Regularity, Boosting, and Efficiently Simulating Every High-Entropy Distribution

We show that every bounded function g: {0,1}^n -≫ [0,1] admits an efficiently computable "simulator" function h: {0,1}^n-≫[0,1] such that every fixed polynomial size circuit has approximately the same correlation with g as with h. If g describes (up to scaling) a high min-entropy distribution D, then h can be used to efficiently sample a distribution D' of the same min-entropy that is indistinguishable from D by circuits of fixed polynomial size. We state and prove our result in a more abstract setting, in which we allow arbitrary finite domains instead of {0,1}^n, and arbitrary families of distinguishers, instead of fixed polynomial size circuits. Our result implies (a) the Weak Szemeredi Regularity Lemma of Frieze and Kannan (b) a constructive version of the Dense Model Theorem of Green, Tao and Ziegler with better quantitative parameters (polynomial rather than exponential in the distinguishing probability), and (c) the Impagliazzo Hardcore Set Lemma.
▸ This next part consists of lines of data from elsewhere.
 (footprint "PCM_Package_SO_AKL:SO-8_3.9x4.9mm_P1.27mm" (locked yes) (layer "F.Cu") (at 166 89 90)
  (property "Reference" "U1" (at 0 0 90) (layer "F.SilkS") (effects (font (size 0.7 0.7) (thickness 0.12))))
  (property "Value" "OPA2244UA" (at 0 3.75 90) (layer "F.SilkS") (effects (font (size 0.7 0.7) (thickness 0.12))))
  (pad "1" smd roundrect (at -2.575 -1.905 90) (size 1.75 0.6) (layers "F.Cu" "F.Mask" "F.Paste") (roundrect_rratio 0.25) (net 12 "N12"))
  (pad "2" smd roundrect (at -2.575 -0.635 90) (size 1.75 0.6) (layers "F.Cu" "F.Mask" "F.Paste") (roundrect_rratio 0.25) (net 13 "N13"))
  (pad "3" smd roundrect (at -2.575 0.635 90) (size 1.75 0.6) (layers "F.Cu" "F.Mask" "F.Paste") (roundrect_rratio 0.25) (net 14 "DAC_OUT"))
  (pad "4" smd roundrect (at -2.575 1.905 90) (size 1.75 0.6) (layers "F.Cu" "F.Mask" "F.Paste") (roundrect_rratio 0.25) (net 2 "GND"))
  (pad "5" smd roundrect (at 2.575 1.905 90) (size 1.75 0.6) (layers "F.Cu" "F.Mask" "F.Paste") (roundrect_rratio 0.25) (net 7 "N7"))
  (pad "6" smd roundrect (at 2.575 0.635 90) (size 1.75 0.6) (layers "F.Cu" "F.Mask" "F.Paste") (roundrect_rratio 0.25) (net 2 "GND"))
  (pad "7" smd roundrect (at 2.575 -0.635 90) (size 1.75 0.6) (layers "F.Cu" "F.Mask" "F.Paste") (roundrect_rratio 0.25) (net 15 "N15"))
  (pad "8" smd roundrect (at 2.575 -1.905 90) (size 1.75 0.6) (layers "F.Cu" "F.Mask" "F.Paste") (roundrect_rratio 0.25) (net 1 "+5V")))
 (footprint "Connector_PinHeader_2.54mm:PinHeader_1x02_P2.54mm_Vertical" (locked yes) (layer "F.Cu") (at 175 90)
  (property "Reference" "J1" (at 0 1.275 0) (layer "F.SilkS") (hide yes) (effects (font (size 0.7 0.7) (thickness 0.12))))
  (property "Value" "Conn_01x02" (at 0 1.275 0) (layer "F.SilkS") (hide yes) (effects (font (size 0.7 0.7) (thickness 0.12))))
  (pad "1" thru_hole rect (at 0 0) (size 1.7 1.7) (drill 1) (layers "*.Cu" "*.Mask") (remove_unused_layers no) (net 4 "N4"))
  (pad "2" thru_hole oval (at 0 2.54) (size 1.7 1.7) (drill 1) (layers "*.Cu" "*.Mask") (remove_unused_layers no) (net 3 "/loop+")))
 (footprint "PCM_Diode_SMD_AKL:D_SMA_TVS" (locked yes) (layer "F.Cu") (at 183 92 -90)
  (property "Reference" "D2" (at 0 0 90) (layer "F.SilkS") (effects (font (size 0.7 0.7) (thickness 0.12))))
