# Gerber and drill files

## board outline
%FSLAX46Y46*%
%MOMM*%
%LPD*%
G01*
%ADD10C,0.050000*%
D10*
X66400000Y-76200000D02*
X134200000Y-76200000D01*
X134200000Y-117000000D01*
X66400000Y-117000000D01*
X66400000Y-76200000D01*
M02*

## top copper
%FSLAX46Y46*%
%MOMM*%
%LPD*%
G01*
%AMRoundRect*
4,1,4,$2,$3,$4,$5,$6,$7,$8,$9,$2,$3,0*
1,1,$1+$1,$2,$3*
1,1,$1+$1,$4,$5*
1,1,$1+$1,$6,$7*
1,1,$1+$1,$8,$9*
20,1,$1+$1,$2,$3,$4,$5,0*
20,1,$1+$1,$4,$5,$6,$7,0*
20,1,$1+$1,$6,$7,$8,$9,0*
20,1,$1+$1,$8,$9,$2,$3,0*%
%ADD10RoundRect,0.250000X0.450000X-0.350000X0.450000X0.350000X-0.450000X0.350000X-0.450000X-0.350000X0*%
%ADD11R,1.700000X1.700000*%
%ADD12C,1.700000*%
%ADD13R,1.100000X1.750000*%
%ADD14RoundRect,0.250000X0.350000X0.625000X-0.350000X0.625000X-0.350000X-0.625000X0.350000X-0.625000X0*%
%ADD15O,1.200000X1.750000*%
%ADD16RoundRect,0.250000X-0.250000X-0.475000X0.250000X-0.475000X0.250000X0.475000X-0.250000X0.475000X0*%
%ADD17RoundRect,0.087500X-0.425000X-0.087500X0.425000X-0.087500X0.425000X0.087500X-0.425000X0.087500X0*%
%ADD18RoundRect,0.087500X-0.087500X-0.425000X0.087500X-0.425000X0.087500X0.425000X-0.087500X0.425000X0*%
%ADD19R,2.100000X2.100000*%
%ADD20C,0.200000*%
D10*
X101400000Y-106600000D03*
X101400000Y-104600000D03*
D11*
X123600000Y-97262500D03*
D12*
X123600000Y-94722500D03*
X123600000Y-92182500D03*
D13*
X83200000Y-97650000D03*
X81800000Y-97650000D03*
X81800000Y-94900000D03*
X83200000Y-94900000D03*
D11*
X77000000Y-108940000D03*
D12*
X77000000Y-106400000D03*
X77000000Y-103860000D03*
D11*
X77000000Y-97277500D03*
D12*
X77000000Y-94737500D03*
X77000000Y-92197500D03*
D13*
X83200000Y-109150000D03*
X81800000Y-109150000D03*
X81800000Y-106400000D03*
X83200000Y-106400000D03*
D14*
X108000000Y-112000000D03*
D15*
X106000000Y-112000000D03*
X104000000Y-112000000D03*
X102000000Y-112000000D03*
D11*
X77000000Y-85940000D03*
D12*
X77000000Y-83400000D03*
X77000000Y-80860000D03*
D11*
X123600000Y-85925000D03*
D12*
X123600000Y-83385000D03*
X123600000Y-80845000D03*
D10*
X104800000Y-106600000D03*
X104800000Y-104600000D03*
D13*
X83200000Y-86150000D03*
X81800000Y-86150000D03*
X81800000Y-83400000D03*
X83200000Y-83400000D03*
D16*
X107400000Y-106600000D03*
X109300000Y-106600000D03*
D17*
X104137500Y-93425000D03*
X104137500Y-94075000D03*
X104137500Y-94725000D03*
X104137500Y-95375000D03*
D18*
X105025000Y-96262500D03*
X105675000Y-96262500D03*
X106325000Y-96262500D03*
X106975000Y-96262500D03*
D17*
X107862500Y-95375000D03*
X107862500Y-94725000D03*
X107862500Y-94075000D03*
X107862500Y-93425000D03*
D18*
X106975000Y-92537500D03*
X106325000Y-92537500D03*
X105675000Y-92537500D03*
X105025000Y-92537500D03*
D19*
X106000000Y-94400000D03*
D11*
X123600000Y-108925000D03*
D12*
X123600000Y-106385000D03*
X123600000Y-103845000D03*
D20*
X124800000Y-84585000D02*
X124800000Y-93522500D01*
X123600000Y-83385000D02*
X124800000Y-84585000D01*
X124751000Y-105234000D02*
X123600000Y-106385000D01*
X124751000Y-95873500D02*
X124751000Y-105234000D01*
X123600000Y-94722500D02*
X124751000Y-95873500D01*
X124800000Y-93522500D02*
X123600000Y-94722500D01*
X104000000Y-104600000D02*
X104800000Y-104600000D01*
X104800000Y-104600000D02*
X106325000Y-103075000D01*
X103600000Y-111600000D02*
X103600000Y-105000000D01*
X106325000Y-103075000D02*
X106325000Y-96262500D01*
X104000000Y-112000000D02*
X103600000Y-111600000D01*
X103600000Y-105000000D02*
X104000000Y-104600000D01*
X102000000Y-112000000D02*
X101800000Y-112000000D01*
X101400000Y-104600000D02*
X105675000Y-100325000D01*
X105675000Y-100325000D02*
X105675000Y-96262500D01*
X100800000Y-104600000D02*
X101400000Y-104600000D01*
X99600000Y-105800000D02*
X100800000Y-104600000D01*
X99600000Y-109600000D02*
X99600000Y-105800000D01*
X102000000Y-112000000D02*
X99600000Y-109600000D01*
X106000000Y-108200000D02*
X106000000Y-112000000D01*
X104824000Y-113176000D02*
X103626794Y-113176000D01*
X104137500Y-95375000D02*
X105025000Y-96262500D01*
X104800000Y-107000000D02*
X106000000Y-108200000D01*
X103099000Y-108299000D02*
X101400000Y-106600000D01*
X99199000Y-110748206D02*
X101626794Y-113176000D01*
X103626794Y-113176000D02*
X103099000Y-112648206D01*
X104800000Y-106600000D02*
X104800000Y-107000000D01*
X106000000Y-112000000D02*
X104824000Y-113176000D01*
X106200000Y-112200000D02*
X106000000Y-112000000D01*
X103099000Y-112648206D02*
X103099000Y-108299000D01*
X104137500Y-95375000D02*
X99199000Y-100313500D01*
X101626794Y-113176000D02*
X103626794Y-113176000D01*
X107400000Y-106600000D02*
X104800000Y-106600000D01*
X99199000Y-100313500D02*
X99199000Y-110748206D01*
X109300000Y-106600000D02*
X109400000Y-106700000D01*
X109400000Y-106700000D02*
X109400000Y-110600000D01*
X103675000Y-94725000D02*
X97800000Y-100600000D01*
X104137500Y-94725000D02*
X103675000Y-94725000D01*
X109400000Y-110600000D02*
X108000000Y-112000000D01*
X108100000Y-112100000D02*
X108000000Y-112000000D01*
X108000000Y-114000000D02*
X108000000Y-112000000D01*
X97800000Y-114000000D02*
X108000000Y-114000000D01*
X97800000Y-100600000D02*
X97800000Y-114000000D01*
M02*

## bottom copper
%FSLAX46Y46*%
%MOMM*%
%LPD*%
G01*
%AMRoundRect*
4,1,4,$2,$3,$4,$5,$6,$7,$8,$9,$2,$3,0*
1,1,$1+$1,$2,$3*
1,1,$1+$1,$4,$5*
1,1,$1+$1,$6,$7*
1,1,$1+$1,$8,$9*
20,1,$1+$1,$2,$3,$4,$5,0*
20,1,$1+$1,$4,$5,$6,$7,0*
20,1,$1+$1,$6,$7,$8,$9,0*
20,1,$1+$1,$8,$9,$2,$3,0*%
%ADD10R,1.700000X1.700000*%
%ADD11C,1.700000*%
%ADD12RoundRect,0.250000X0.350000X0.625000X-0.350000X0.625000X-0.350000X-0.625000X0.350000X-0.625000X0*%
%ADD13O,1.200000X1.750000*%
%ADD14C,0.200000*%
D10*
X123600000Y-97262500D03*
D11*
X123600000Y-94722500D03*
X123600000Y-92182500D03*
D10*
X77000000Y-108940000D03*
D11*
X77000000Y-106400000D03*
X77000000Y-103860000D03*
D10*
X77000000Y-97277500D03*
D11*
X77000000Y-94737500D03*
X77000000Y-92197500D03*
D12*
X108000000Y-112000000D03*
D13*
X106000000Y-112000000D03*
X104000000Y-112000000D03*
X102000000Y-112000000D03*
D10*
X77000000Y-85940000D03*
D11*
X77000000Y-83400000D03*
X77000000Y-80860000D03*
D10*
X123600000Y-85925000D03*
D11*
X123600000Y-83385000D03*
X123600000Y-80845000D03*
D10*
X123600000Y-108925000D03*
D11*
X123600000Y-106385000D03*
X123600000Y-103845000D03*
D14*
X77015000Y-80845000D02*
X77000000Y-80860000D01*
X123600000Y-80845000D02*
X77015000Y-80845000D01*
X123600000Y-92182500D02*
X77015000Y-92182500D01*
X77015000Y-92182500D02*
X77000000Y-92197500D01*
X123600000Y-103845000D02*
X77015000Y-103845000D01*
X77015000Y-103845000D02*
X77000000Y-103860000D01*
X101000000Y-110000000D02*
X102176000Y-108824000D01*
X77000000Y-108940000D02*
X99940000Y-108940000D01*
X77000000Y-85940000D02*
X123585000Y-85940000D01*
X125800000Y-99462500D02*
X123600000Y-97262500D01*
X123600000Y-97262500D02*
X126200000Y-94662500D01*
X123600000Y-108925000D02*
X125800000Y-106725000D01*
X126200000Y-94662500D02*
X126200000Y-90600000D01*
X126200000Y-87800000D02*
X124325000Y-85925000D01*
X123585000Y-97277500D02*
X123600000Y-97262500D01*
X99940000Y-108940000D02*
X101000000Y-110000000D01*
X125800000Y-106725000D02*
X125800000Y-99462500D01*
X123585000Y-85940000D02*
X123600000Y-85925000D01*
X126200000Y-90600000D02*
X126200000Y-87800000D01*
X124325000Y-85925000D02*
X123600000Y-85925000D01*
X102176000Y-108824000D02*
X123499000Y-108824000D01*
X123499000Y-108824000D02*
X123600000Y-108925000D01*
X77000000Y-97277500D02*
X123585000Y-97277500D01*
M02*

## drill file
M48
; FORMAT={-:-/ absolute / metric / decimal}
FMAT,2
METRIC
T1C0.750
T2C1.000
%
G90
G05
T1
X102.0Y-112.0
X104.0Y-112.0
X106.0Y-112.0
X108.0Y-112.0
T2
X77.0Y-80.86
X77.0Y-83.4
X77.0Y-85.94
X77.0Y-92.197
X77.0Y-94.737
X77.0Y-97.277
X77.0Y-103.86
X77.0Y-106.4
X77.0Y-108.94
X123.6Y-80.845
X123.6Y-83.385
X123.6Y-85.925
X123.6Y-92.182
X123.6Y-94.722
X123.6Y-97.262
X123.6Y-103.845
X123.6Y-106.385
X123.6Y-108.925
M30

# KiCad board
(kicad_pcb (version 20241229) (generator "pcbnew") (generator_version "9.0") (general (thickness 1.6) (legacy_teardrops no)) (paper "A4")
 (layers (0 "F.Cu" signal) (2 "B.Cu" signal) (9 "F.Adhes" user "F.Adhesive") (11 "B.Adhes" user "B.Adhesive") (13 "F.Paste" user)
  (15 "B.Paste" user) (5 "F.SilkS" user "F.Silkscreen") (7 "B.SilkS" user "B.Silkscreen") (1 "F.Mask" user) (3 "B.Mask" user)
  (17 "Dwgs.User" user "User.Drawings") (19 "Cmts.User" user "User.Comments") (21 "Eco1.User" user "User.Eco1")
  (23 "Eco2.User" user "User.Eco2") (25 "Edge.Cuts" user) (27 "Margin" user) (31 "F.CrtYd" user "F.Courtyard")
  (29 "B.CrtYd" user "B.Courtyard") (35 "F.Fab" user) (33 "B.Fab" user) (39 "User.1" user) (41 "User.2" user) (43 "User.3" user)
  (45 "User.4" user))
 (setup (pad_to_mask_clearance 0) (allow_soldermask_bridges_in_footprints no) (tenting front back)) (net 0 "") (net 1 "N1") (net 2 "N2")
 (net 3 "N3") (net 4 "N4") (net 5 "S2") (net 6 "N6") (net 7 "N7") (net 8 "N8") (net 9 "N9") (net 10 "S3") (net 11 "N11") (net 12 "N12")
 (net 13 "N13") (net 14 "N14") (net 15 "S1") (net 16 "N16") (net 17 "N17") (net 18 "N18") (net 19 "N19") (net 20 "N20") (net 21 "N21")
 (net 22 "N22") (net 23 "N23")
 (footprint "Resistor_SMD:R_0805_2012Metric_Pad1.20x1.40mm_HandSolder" (layer "F.Cu") (at 101.4 105.6 90)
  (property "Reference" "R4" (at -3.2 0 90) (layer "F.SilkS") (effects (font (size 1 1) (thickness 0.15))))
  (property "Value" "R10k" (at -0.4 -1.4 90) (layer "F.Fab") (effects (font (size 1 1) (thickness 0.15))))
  (pad "1" smd roundrect (at -1 0 90) (size 1.2 1.4) (layers "F.Cu" "F.Mask" "F.Paste") (roundrect_rratio 0.208333) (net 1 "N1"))
  (pad "2" smd roundrect (at 1 0 90) (size 1.2 1.4) (layers "F.Cu" "F.Mask" "F.Paste") (roundrect_rratio 0.208333) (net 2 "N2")))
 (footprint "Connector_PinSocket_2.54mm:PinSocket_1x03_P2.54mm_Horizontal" (layer "F.Cu") (at 123.6 97.2625 180)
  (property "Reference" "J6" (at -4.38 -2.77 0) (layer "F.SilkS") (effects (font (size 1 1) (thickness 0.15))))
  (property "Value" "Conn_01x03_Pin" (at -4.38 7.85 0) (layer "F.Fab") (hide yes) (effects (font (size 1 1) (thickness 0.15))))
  (pad "1" thru_hole rect (at 0 0 180) (size 1.7 1.7) (drill 1) (layers "*.Cu" "*.Mask") (remove_unused_layers no) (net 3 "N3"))
  (pad "2" thru_hole circle (at 0 2.54 180) (size 1.7 1.7) (drill 1) (layers "*.Cu" "*.Mask") (remove_unused_layers no) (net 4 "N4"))
  (pad "3" thru_hole circle (at 0 5.08 180) (size 1.7 1.7) (drill 1) (layers "*.Cu" "*.Mask") (remove_unused_layers no) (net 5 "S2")))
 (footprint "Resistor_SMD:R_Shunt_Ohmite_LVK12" (layer "F.Cu") (at 82.5 96.275 180)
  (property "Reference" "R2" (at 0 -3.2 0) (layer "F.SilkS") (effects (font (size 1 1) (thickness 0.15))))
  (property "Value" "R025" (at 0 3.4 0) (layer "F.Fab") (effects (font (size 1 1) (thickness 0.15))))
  (pad "1" smd rect (at -0.7 -1.375 180) (size 1.1 1.75) (layers "F.Cu" "F.Mask" "F.Paste") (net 4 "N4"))
  (pad "2" smd rect (at 0.7 -1.375 180) (size 1.1 1.75) (layers "F.Cu" "F.Mask" "F.Paste") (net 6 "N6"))
  (pad "3" smd rect (at 0.7 1.375 180) (size 1.1 1.75) (layers "F.Cu" "F.Mask" "F.Paste") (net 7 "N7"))
  (pad "4" smd rect (at -0.7 1.375 180) (size 1.1 1.75) (layers "F.Cu" "F.Mask" "F.Paste") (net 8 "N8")))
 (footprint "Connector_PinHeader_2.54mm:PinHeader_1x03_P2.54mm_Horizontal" (layer "F.Cu") (at 77 108.94 180)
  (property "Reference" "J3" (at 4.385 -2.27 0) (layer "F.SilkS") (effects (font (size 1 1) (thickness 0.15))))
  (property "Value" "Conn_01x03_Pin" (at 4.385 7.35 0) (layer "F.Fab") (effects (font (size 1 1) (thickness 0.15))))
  (pad "1" thru_hole rect (at 0 0 180) (size 1.7 1.7) (drill 1) (layers "*.Cu" "*.Mask") (remove_unused_layers no) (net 3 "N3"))
  (pad "2" thru_hole circle (at 0 2.54 180) (size 1.7 1.7) (drill 1) (layers "*.Cu" "*.Mask") (remove_unused_layers no) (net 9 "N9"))
  (pad "3" thru_hole circle (at 0 5.08 180) (size 1.7 1.7) (drill 1) (layers "*.Cu" "*.Mask") (remove_unused_layers no) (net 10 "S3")))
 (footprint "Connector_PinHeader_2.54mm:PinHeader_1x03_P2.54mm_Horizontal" (layer "F.Cu") (at 77 97.2775 180)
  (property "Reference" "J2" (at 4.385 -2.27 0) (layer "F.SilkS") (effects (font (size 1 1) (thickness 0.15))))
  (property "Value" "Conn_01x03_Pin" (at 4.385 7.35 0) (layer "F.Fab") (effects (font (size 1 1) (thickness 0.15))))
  (pad "1" thru_hole rect (at 0 0 180) (size 1.7 1.7) (drill 1) (layers "*.Cu" "*.Mask") (remove_unused_layers no) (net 3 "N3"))
  (pad "2" thru_hole circle (at 0 2.54 180) (size 1.7 1.7) (drill 1) (layers "*.Cu" "*.Mask") (remove_unused_layers no) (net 8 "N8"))
  (pad "3" thru_hole circle (at 0 5.08 180) (size 1.7 1.7) (drill 1) (layers "*.Cu" "*.Mask") (remove_unused_layers no) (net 5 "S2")))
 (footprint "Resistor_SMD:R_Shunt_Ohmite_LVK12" (layer "F.Cu") (at 82.5 107.775 180)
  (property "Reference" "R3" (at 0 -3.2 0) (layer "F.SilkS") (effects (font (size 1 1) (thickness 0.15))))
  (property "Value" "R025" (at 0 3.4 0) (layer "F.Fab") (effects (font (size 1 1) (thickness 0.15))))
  (pad "1" smd rect (at -0.7 -1.375 180) (size 1.1 1.75) (layers "F.Cu" "F.Mask" "F.Paste") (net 4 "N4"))
  (pad "2" smd rect (at 0.7 -1.375 180) (size 1.1 1.75) (layers "F.Cu" "F.Mask" "F.Paste") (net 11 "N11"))
  (pad "3" smd rect (at 0.7 1.375 180) (size 1.1 1.75) (layers "F.Cu" "F.Mask" "F.Paste") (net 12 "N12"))
  (pad "4" smd rect (at -0.7 1.375 180) (size 1.1 1.75) (layers "F.Cu" "F.Mask" "F.Paste") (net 9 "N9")))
It appears to be the general result underlying the known connections between "regularity" results in graph theory, "decomposition" results in additive combinatorics, and the Hardcore Lemma in complexity theory. We present two proofs of our result, one in the spirit of Nisan's proof of the Hardcore Lemma via duality of linear programming, and one similar to Impagliazzo's "boosting" proof. A third proof by iterative partitioning, which gives the complexity of the sampler to be exponential in the distinguishing probability, is also implicit in the Green-Tao-Ziegler proofs of the Dense Model Theorem.